# The Cape (His Sketch)



## Space Cadet (Jun 29, 2017)

With a middle-aged stoic chest of black-haired splinters, 
his shaved shoulder blades tilt amidst his steps.
They meet the angle of his capillary neck like a loose staple on a canvas frame.
I ask Judy, “Zeno of Citium…Why was he so stoic?”


Under her chiffon hat, ice jangling in her drink, 
eyes Zeno walk the crowded cape, her olive Gatsby style cloche hides her eyes,
pages of her magazine turn in the wind.
His towel hangs low on his pelvis.  
A white, t-shirt drapes from his sun-weathered V cut waist. 
Disrobed, it swishes with his steps like a broken sling.  
His faded, mollusk-gray trunks carry his shell.
“I think it was his beard.”


The vacationers wade his mandrel shore and rotate with sea,
like a karaoke show, 
washed-up on a middle-class overdose of sky.
He stands to gaze the shore.  
He eyes Judy.  
They both glance away.


And as the annual tourists gastropod to those doorless, 
concrete shower drains, 
I envision Zeno salting them plump in mucus greens, 
’til sleep does him in,
under his sun-thin lids.


I see them sing, wale, wallop, moan!—
sluggards of his ancestors trying to hold on to each other
to fight the spins in his storm, 
filled and living full—together, 
they cavort in him their masquerade of The New South:


An eustatic reunion of shadow puppets faking long-distant relationships, 
tracing Kandinsky circles of his first love, 
in a gentle white-capped surf 
of colloid memories.


----------



## Firemajic (Jul 1, 2017)

There is a LOT of truly fabulous imagery here... Your skill is that you pair words and phrases in such a unique way that it sounds new, like you have your own language, and I love and envy that sooo much... however... I am lost, in this case, your imagery works against your message.... I am at a loss as to what you are expressing... this is just my opinion...


----------



## sas (Jul 1, 2017)

Regarding Fire's comments: ditto


----------



## ned (Jul 3, 2017)

hello Space - have to go with the previous comments, here.

the images and metaphors don't connect with me, and lose all meaning.

you have the vocabulary, the writing skills and intensity - but it's all window dressing
without a coherent message. - a criticism I've made to other poets on this site.

you've got to work harder at communicating your ideas to the reader -
coming up with fresh and original imagery and metaphors that universally strike a chord is very difficult -
it takes a lot of thought and a pinch of inspiration - but that is the craft of poetry.
for me, the revelation of tenuous truths.

in other parts, the poem seems to try too hard to be surprising-
'ice jangling in her drink' - ice doesn't jangle, it may jingle, perhaps
jingling bells that assonant with drink - and more truthful, surely. 

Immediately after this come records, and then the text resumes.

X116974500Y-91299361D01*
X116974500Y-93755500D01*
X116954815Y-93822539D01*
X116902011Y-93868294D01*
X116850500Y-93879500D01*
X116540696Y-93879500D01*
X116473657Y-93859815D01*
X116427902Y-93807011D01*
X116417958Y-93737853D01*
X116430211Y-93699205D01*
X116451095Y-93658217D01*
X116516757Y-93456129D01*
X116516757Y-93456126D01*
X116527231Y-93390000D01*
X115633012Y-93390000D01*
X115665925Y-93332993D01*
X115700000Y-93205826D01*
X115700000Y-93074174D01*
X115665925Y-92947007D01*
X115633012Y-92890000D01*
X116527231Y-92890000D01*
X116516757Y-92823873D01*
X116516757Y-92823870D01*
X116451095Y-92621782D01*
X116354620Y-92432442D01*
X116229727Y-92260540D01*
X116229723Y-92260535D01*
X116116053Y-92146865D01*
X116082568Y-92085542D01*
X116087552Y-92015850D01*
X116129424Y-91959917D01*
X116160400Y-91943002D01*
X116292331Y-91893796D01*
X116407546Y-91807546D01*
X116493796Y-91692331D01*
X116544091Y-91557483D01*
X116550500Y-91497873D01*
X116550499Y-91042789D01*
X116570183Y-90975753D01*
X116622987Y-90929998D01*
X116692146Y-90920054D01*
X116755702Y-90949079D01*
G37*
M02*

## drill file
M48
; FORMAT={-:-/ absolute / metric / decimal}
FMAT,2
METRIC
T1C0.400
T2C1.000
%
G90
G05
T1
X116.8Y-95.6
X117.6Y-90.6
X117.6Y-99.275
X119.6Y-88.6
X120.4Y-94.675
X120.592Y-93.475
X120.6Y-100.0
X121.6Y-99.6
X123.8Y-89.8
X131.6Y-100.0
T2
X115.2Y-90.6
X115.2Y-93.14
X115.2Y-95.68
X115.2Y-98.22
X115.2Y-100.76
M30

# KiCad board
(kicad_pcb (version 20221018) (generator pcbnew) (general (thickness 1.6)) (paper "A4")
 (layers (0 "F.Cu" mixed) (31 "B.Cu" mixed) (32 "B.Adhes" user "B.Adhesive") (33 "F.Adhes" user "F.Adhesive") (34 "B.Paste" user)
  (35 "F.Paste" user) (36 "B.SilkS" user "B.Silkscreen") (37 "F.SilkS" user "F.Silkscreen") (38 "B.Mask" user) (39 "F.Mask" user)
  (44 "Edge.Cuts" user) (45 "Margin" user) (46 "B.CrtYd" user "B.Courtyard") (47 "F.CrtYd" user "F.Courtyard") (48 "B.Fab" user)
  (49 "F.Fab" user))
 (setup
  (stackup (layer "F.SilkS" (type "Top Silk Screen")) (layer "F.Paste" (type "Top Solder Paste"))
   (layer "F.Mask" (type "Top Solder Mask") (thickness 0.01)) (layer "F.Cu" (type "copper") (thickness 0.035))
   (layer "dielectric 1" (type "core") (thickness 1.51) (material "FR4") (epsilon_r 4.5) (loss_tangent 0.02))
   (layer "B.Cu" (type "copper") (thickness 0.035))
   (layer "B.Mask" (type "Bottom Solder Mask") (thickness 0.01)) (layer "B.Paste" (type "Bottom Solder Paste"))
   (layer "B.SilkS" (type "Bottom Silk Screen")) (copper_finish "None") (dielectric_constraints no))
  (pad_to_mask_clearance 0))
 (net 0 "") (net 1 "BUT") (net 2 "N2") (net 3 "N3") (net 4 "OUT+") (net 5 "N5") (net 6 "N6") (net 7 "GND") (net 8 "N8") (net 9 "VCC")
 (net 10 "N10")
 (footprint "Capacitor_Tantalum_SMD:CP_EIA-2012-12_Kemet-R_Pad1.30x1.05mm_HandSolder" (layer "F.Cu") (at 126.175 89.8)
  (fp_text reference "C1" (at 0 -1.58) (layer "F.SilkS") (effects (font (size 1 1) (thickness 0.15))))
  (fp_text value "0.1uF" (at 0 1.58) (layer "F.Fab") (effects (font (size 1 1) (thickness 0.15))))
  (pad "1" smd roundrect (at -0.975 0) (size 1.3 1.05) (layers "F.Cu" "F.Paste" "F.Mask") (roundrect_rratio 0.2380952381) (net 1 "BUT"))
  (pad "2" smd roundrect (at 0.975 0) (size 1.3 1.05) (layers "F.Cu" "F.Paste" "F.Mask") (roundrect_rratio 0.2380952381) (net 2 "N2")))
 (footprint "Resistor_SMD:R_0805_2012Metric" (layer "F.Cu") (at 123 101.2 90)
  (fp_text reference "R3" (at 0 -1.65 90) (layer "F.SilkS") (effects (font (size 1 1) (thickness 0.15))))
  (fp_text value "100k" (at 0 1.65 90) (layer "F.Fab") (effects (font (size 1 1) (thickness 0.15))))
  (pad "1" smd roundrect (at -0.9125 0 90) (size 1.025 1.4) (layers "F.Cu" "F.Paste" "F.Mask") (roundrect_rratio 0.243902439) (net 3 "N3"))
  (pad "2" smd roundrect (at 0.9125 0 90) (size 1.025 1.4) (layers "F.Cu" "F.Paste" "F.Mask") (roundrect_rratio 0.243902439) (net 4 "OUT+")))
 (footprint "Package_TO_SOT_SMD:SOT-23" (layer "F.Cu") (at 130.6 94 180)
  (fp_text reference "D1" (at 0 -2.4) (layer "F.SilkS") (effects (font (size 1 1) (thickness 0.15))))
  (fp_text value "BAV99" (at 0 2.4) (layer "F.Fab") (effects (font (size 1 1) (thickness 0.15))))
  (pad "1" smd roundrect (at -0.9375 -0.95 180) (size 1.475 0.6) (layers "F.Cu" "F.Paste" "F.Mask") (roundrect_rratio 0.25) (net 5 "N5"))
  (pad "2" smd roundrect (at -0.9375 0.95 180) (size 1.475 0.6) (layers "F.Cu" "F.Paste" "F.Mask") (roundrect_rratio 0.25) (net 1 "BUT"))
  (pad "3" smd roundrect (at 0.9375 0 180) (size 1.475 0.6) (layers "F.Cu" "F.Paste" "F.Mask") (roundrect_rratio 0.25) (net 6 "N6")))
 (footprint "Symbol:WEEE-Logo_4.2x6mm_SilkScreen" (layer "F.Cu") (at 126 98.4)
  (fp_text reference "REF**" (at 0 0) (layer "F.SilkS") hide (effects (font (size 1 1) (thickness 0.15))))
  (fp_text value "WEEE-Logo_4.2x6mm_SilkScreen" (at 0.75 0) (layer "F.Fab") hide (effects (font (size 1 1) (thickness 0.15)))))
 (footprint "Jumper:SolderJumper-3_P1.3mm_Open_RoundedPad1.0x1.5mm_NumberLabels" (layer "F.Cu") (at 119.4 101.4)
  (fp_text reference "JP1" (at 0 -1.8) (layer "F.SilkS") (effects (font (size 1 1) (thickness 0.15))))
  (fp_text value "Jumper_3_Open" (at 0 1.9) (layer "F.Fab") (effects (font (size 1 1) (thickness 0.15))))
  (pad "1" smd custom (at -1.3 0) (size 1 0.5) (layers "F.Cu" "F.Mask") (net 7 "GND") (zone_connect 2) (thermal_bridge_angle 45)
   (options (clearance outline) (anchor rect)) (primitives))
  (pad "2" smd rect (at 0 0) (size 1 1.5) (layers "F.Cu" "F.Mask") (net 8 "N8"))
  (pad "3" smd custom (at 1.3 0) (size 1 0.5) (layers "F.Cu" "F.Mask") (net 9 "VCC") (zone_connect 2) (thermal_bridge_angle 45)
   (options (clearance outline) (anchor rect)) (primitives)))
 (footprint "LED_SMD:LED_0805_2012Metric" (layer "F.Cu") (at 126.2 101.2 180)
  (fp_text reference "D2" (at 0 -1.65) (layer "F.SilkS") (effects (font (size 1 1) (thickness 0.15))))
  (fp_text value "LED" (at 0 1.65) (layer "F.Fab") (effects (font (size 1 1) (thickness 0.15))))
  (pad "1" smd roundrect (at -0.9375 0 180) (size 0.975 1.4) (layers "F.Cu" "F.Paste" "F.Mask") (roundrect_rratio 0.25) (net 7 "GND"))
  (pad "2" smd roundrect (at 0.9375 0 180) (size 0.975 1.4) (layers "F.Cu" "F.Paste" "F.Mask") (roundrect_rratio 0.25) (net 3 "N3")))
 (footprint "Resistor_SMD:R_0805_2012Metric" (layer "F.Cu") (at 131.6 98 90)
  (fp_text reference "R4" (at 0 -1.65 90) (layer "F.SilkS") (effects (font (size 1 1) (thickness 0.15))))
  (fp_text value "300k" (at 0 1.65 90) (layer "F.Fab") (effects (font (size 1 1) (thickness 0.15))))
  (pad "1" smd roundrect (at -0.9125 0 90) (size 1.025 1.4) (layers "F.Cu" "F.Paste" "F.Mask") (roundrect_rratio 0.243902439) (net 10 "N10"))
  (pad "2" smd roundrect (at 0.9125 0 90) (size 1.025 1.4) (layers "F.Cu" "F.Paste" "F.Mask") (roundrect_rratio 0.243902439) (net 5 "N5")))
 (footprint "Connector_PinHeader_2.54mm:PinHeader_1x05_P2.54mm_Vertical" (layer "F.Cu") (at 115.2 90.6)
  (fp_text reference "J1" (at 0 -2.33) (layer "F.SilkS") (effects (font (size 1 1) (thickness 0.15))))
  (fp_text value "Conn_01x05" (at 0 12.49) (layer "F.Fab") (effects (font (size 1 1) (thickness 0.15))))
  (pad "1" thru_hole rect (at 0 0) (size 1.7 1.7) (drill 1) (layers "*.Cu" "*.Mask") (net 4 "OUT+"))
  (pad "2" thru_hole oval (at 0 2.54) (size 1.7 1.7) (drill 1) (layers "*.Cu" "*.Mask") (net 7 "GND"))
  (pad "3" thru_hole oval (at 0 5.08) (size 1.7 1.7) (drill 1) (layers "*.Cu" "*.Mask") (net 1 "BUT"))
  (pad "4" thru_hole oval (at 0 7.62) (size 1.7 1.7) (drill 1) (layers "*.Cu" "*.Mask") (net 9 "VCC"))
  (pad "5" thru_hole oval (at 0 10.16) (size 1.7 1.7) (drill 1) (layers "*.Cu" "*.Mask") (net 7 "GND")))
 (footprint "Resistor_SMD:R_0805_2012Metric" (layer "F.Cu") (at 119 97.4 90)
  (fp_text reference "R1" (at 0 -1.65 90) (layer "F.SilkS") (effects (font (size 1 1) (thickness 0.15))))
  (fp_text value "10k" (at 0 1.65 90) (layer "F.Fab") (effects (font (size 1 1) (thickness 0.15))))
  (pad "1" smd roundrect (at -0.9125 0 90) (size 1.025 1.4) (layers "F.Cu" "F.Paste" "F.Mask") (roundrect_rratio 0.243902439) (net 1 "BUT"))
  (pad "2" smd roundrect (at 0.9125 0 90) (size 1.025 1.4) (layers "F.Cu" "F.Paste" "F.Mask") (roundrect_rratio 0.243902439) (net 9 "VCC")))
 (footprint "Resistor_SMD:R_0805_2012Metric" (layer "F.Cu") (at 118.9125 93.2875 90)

some great turns of phrase here, but consider the reader....
Ned


----------



## Space Cadet (Jul 5, 2017)

ned said:


> hello Space - have to go with the previous comments, here.
> 
> the images and metaphors don't connect with me, and lose all meaning.
> 
> ...



Thank you for this comment and I'm always open to suggestions.  So, I should just kill this all together or move forward with addressing the weak message and window dressing?  

Cut it up, kill it.  It's just an image, not really an idea.  So I'm not really close to it.   W.


----------



## sas (Jul 5, 2017)

Cadet,

It was a heck of an image! Now put it in a frame, hold it together with words that mean something to the reader, not just you. Your fabulously imaged poem is exactly what non-poets groan about, if given to them.


----------



## ned (Jul 5, 2017)

Space, of course, it is up to you how to proceed - and I am not alone in failing to grasp your meanings.
I just took the trouble to underline the point.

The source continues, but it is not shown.